20世紀の現憲法下の裁判例を掲載しています。

福岡高等裁判所 昭和55年(う)277号 判決

本件公訴事実によると「被告人両名は共謀のうえ、被告人坂井の勧誘により生命保険に加入していた相浦真正が交通事故により死亡したことを知るや、右坂井が右真正のために三か月分の保険料を代納していたことを奇貨として、同保険金の受取人である同人の父相浦武舟からその半額を騙取しようと企て(中略)保険外務員が右相浦真正に代つて保険料を納付していても保険金の半額を取得する権利がないのにあるように装い、被告人江副において、私は三井生命福岡営業所の山下という者です。外務員が立て替え払いしていた場合、保険金は受取人である遺族とその外務員とで折半する慣例になつています旨、同坂井において、私が立て替え払いした酒井です旨こもごも申し向け、相浦武舟をして被告人酒井に保険金の半額を取得する権利があるものと誤信させ(中略)、金一、四三二万四〇八〇円の払い戻しを受けてこれを騙取したものである。」と云うのに対し、原判決は訴因変更の手続を経ないで、欺罔手段については原判示のとおり、公訴事実とほぼ同一の事実を認定しながら、相浦武舟の錯誤の内容につき「被告人坂井に保険金の半額を謝礼として交付し、同人らの指図のままにしなければ、保険契約が無効とされるかもしれず、そうなれば保険金が受領できなくなるかもしれないと武舟を誤信させ、」と認定している。このように、原判決認定の錯誤の内容が、公訴事実の主張する錯誤の範疇を超え異なる場合、訴因変更の手続をとらず、いきなり右の如く公訴事実と異なる内容の錯誤を認定することは、よしんば被告人らが無罪の主張をしていたとしても、被告人らに不意打の打撃を与え、その防禦に実質的な不利益を及ぼす虞があると云わなければならない。
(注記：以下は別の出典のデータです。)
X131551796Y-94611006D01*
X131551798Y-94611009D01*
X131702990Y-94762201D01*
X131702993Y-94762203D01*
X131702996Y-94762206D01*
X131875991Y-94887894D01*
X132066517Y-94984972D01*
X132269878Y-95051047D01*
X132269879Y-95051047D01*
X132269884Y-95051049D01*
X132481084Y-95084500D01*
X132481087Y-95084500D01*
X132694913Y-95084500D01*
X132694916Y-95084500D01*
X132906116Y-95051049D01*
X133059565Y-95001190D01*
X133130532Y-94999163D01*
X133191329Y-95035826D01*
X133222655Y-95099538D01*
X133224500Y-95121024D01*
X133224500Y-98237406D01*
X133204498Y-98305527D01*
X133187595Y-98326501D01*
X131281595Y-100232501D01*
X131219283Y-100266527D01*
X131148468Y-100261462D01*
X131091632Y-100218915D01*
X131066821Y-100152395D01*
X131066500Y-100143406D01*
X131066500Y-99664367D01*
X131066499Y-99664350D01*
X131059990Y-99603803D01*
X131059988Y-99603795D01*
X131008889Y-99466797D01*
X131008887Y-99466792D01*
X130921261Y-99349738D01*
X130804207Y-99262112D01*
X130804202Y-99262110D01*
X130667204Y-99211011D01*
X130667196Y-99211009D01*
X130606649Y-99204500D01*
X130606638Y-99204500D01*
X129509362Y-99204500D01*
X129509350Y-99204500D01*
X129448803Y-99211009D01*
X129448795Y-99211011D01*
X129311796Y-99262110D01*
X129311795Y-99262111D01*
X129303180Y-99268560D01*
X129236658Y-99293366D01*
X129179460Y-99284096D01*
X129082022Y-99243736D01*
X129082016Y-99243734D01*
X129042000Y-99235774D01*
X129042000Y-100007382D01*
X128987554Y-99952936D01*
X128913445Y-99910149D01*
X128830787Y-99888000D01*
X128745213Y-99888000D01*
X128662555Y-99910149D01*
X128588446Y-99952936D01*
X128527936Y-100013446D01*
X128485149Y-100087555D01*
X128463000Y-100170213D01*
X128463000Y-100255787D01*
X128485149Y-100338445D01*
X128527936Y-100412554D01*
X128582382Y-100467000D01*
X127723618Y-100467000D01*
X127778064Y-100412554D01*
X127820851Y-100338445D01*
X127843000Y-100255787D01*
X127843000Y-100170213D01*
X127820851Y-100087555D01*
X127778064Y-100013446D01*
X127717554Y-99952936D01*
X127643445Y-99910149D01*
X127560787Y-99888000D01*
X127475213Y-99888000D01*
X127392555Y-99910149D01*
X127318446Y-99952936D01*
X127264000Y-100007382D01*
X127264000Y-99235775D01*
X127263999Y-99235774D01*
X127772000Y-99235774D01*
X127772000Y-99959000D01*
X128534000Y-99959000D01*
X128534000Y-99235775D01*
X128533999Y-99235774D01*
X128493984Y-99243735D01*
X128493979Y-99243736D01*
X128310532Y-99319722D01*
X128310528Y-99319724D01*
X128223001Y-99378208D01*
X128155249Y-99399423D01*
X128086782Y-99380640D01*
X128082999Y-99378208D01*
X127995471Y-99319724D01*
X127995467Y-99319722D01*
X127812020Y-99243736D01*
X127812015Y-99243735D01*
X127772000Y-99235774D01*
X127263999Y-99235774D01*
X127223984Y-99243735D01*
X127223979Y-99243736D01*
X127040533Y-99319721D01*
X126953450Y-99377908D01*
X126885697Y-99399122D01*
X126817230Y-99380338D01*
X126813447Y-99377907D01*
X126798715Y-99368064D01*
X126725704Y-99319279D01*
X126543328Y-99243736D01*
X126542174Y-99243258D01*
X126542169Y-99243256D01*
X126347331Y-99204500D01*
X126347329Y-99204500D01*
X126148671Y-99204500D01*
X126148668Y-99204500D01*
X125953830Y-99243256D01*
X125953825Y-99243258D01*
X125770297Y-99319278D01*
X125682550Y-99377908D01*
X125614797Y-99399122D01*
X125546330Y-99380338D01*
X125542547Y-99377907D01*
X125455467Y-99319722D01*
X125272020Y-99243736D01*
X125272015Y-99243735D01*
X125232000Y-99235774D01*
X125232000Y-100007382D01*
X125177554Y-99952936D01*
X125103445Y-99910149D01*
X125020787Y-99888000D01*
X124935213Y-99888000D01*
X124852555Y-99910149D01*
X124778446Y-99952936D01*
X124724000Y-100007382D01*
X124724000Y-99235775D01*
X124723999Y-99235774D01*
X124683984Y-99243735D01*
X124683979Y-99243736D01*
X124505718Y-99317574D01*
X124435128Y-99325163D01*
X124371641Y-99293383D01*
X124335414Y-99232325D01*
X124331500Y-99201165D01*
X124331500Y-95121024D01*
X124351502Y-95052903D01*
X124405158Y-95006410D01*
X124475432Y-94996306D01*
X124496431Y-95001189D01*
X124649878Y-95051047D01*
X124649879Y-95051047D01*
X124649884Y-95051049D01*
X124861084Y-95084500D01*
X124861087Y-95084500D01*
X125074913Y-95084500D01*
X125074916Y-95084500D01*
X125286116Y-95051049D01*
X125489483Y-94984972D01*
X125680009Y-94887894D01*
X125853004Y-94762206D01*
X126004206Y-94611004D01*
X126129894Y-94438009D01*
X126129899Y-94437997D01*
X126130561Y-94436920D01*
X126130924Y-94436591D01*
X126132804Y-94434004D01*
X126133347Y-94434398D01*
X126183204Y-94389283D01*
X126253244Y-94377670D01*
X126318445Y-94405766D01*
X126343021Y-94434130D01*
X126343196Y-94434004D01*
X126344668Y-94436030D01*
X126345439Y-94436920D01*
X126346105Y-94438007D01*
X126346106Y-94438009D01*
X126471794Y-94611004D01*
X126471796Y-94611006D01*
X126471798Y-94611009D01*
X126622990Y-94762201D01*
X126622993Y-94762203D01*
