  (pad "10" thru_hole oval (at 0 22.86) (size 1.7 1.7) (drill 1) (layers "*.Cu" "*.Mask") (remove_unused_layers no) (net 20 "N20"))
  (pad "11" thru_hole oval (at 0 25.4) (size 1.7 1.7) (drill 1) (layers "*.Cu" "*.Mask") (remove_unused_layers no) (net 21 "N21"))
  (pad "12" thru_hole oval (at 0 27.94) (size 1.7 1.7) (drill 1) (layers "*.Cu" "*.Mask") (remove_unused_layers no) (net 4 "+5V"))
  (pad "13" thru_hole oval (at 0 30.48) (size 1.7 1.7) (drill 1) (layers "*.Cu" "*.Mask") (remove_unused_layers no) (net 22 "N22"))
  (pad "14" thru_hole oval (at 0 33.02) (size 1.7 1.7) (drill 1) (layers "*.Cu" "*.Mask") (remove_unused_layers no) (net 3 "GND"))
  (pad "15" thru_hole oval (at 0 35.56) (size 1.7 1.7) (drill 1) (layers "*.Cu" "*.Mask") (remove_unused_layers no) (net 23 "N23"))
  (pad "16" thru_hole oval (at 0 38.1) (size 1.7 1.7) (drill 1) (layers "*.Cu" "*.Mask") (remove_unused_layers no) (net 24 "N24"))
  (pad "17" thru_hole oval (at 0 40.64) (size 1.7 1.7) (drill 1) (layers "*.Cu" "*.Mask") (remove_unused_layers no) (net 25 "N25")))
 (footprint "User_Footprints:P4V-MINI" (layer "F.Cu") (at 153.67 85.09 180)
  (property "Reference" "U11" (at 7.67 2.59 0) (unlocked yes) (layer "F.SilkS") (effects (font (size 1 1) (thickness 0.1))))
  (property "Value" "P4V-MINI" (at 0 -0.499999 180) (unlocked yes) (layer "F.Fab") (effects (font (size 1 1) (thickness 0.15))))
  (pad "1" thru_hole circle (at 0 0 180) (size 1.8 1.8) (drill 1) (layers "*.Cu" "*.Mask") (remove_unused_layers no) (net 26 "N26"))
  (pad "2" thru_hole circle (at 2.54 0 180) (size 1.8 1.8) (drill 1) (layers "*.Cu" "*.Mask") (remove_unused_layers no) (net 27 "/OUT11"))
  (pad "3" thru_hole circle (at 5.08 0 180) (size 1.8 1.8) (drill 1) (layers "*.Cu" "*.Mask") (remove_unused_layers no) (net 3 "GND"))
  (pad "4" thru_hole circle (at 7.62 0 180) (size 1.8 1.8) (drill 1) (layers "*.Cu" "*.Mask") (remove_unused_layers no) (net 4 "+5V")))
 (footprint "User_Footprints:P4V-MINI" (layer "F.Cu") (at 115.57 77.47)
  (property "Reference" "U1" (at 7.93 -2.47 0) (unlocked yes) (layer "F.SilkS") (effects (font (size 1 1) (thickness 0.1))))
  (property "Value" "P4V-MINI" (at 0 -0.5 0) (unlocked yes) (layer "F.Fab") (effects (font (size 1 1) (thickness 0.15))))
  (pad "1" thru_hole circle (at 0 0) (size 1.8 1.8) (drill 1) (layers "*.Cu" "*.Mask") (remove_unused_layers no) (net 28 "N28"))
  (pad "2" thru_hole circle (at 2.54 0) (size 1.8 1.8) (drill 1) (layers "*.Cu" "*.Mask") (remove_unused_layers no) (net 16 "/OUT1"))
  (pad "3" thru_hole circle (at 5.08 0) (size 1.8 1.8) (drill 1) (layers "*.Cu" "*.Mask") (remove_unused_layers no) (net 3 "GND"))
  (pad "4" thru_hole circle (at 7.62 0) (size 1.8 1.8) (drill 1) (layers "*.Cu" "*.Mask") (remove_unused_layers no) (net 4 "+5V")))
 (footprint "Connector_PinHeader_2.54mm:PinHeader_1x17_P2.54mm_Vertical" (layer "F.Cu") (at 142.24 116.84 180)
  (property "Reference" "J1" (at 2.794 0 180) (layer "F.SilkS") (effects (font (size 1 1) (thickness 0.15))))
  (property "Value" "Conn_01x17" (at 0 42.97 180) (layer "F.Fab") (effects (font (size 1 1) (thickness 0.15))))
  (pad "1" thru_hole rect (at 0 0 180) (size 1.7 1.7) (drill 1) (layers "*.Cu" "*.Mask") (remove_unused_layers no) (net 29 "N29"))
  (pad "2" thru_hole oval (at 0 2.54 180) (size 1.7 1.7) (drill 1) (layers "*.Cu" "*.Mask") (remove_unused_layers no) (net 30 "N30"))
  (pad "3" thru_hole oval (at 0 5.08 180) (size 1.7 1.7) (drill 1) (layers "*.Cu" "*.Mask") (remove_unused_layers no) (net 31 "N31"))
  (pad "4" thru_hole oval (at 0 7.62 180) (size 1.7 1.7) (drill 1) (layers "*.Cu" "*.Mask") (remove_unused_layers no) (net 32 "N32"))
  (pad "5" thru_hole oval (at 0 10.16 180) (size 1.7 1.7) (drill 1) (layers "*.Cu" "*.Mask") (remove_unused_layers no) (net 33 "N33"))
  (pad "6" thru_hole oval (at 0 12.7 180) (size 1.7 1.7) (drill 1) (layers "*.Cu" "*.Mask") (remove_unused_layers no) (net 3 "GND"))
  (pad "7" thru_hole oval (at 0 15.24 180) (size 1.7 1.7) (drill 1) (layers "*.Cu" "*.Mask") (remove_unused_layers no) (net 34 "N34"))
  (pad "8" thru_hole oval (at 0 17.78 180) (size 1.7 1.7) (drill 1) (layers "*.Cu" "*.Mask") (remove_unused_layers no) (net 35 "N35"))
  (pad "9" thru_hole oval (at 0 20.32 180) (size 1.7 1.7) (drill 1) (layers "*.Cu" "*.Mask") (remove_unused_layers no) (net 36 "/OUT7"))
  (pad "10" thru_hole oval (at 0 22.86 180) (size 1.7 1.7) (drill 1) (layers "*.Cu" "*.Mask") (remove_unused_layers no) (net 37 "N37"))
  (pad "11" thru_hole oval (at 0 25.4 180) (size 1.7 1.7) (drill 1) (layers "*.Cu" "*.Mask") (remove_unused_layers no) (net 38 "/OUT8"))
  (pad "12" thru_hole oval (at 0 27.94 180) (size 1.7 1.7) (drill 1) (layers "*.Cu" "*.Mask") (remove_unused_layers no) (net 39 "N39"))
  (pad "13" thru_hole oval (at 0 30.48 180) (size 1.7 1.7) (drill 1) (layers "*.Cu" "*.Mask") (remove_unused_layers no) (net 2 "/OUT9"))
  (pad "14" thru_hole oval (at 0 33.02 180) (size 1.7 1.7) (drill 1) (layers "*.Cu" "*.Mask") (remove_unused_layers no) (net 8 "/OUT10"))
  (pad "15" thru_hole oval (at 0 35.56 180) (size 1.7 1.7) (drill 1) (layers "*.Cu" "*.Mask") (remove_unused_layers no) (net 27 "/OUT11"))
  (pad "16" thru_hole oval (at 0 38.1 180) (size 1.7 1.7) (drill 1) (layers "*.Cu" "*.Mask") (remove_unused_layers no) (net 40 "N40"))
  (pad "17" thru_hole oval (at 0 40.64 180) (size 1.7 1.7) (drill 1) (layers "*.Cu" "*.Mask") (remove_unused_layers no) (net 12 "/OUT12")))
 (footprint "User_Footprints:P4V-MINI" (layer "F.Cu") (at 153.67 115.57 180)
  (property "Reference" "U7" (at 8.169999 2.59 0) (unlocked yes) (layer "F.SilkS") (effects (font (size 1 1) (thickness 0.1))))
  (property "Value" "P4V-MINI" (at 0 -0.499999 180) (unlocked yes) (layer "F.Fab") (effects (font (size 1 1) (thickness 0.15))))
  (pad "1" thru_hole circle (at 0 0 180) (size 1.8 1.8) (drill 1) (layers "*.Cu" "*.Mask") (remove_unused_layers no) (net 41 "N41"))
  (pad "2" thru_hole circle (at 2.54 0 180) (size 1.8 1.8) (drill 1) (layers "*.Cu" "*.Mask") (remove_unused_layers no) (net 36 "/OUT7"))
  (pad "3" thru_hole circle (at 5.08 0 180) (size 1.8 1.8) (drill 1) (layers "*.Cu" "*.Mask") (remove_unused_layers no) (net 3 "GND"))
しかして、記録中には相浦武舟が公訴事実記載の如く錯誤したことを証する有力な証拠がある反面、その証拠価値の評価はおくとして、同人の錯誤が或は原判示類似の如き内容のものではなかつたかとも疑われる証跡が皆無とも云い難く、たやすく看過できず、被告人らの罪責を問う為にはこの点について更に審理を尽す必要があり、その結果如何によつては欺罔行為と錯誤との関係に重大なる影響を及ばすことが考えられる。

そうであれば、原審が訴因変更の手続を経ないで、右錯誤の内容を叙上のように認定したのは訴訟手続の法令に違背し、その違反が判決に影響を及ぼすことが明らかであると云わざるを得ない。

自由と民主主義を守るため、ウクライナ軍に支援を!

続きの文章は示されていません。